Natural and synthetic compounds suppress inflammasome activation in NLRP3-driven pathologies

This systematic review evaluated the potential of natural compounds, including oridonin and pristimerin, as well as synthetic inhibitors like MCC950 and entrectinib, in targeting NLRP3-driven pathologies. The scope included conditions such as gouty arthritis, ischemia-reperfusion injury, neurodegenerative disorders, and metabolic syndromes. The review did not report a specific population, sample size, or clinical setting, focusing instead on mechanistic evidence derived from upstream regulatory networks.

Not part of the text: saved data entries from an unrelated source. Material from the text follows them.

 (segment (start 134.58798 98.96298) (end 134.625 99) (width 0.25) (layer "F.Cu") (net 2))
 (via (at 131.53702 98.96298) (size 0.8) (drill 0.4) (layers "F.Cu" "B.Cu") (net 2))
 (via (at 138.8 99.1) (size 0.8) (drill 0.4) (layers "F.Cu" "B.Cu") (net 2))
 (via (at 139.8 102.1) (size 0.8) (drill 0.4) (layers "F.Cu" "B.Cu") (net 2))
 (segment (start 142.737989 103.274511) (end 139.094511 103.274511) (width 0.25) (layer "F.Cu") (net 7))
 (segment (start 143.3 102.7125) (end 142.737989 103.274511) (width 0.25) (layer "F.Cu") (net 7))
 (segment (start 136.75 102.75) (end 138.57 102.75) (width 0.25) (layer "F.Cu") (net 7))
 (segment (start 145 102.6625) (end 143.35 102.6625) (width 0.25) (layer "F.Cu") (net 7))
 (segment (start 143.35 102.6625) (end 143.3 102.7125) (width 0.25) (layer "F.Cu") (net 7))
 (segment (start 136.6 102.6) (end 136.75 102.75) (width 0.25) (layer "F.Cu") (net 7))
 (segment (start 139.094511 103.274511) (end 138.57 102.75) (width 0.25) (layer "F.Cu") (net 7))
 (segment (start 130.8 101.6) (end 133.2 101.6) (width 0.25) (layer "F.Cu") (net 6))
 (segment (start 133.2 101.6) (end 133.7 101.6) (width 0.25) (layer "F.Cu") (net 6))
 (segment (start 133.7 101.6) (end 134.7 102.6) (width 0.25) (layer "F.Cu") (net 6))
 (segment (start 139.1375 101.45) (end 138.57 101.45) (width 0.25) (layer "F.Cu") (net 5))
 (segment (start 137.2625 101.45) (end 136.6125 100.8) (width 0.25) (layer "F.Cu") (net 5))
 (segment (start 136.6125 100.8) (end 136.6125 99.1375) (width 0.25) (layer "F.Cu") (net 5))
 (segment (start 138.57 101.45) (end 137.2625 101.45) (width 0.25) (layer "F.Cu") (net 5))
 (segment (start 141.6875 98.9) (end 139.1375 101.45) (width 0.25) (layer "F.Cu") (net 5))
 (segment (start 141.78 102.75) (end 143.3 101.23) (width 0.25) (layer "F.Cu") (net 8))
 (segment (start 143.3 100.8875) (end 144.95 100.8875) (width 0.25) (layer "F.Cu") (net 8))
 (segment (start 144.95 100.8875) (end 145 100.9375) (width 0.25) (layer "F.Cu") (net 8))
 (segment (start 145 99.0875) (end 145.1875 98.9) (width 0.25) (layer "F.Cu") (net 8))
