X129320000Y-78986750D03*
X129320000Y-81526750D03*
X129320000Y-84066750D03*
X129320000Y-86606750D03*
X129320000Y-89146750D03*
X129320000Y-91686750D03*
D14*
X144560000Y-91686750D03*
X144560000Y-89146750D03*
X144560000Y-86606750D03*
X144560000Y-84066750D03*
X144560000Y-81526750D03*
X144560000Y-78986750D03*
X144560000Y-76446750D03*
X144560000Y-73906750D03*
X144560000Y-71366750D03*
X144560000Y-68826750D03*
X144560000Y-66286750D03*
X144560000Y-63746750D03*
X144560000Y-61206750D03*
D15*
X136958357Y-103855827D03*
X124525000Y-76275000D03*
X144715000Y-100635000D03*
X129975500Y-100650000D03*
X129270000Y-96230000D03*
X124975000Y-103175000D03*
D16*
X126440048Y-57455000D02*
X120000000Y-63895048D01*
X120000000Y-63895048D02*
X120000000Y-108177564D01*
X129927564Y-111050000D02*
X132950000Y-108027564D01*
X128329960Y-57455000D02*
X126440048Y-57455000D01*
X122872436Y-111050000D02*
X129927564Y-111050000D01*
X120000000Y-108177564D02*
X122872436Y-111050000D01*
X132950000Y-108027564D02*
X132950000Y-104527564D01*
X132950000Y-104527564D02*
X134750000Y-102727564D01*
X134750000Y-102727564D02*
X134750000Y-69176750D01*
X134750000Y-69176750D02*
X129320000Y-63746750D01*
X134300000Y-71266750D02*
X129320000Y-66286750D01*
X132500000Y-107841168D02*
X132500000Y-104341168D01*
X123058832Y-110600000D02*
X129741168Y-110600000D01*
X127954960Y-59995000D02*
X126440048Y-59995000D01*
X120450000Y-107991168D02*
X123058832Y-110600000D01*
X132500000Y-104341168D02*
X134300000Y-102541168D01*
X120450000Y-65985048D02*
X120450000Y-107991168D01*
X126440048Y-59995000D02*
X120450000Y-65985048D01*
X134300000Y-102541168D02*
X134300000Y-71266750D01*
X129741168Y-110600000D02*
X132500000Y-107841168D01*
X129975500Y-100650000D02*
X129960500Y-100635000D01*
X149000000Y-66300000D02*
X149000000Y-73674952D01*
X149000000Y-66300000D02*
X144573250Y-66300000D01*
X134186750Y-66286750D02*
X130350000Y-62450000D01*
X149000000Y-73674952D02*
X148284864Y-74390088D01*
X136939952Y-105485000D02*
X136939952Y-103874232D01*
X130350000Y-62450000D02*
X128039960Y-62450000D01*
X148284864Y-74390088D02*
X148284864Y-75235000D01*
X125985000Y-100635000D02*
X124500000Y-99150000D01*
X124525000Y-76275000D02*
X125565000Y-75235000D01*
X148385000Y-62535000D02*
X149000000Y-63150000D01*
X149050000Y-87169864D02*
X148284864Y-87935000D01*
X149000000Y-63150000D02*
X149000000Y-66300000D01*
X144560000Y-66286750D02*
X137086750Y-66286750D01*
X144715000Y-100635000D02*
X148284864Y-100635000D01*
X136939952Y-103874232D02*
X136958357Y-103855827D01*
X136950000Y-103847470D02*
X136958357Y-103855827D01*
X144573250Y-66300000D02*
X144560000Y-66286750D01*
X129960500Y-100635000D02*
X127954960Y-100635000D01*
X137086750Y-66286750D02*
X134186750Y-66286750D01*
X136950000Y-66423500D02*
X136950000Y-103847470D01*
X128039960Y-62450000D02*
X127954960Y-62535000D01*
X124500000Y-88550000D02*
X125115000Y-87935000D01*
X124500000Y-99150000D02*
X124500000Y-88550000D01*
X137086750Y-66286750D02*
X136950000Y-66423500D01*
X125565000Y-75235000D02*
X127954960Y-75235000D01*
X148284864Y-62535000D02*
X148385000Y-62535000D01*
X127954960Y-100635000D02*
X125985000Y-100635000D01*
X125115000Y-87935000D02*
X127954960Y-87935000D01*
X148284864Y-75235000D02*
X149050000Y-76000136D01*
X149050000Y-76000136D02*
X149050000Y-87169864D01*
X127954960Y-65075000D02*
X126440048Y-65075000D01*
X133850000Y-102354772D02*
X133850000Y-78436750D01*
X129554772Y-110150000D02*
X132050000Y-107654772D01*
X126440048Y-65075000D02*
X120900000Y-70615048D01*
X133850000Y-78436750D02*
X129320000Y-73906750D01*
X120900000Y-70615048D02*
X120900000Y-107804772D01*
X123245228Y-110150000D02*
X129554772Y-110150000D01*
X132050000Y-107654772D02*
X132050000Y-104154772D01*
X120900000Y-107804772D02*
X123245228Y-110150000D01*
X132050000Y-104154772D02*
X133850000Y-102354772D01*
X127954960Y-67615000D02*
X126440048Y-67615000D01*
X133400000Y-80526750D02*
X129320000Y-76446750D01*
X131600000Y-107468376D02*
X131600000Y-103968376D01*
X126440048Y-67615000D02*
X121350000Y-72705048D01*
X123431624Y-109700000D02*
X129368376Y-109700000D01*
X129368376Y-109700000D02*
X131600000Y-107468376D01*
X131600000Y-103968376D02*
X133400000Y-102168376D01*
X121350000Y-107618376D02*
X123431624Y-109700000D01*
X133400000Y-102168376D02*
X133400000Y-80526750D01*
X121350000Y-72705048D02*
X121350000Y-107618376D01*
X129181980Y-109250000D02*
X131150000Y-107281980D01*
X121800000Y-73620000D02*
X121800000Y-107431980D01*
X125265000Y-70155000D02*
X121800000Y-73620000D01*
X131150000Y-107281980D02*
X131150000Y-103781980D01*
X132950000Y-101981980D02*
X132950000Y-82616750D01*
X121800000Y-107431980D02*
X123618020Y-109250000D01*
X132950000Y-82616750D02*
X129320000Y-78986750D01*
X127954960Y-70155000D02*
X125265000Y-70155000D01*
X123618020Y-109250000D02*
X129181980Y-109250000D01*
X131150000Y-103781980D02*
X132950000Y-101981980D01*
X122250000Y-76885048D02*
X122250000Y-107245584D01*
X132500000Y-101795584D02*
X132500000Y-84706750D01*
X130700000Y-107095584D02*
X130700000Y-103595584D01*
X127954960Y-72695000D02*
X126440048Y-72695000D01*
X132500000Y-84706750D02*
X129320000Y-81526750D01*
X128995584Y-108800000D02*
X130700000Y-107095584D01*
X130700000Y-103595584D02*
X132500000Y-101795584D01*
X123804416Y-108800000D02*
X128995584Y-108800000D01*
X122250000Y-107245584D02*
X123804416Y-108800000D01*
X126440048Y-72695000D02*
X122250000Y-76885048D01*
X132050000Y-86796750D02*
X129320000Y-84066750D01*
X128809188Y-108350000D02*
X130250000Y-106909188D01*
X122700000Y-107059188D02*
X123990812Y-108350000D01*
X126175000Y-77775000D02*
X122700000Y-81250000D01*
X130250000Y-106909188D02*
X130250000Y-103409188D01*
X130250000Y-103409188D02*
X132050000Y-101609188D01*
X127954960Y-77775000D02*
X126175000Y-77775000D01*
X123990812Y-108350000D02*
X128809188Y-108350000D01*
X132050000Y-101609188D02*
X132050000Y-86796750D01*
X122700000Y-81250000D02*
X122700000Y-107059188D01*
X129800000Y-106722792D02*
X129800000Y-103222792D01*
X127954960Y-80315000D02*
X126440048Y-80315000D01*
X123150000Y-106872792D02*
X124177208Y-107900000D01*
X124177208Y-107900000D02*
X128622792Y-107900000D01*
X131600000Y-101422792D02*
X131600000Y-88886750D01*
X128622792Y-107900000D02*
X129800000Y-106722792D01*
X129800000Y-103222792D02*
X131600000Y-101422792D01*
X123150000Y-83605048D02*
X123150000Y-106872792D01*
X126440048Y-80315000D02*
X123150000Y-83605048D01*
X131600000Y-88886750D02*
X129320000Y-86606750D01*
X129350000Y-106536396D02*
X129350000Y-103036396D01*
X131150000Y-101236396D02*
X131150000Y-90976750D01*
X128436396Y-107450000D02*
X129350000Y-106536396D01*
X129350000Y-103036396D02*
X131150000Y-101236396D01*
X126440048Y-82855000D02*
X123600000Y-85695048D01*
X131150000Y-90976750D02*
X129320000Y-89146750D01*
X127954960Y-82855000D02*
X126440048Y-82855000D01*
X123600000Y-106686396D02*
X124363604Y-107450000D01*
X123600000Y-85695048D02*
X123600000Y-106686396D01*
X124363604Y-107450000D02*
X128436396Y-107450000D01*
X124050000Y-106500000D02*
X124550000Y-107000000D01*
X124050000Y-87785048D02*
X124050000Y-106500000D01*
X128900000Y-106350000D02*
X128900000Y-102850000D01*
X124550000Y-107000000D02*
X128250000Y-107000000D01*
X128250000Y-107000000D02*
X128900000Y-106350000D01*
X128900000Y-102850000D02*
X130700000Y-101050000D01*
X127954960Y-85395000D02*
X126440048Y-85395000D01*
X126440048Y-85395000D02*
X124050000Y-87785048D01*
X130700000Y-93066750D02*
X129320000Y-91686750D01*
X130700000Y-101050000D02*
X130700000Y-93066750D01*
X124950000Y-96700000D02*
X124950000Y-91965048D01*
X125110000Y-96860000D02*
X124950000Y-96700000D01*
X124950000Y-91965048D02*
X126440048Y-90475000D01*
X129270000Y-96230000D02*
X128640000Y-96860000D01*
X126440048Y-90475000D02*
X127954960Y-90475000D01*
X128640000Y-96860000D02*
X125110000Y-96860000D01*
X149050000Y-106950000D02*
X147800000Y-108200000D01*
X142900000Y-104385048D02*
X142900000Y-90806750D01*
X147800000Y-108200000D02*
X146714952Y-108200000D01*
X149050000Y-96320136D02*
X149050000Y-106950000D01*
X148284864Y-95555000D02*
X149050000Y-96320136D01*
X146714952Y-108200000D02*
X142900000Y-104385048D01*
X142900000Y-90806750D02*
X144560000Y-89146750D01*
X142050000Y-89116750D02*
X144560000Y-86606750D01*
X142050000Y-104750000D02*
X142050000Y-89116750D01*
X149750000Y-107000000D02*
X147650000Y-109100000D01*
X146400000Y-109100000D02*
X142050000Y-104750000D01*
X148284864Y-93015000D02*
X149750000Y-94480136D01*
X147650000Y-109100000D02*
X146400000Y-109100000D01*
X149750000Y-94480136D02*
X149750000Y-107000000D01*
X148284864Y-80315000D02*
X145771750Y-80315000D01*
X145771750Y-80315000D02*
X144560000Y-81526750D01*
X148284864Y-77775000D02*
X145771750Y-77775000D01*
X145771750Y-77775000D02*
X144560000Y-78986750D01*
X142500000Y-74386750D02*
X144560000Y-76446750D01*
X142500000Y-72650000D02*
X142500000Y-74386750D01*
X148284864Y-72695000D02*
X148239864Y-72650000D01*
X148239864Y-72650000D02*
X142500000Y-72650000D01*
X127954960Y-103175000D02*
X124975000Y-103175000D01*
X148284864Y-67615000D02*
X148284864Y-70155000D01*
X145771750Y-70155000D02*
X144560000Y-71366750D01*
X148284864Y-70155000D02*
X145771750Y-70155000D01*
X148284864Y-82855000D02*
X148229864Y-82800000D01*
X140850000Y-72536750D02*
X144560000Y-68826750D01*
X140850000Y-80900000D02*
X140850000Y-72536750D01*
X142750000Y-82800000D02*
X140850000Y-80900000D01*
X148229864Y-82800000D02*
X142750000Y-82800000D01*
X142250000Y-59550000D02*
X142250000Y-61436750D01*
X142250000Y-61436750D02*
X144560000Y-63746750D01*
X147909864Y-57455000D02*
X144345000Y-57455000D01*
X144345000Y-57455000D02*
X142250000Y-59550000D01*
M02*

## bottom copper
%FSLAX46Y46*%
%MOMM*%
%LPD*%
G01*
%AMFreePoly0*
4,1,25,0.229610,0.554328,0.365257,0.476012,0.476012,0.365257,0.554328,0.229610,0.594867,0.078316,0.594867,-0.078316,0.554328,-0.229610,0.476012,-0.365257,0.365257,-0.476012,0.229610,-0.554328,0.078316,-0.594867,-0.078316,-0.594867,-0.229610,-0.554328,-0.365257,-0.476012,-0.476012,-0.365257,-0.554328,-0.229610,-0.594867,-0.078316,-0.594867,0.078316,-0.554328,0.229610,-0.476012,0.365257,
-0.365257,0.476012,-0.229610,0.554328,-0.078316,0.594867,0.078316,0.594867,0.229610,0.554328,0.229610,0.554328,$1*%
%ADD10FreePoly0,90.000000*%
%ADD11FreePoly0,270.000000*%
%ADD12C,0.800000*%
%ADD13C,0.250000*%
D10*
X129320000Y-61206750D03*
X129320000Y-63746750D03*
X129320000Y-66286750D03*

The primary outcome assessed was the suppression of inflammasome activation. Evidence indicates that both natural compounds and synthetic inhibitors disrupt the NEK7-NLRP3 interaction, a critical step in inflammasome assembly. This disruption leads to the suppression of inflammasome activation. However, the review did not provide absolute numbers, effect sizes, or p-values for these mechanistic observations.

Safety and tolerability data were not reported in the review. Adverse events, serious adverse events, discontinuations, and general tolerability profiles for these agents were not described. The review also did not specify a comparator group for the interventions. Consequently, the clinical safety profile of these specific compounds in human trials remains undefined based on this evidence.

Key limitations include the absence of reported patient populations, sample sizes, and follow-up durations. The study design was a review of molecular mechanisms rather than a clinical trial, which limits direct translation to patient outcomes. Funding sources and conflicts of interest were not reported. The practice relevance is identified as novel therapeutic strategies, but the certainty is constrained by the mechanistic nature of the data and the lack of reported adverse events.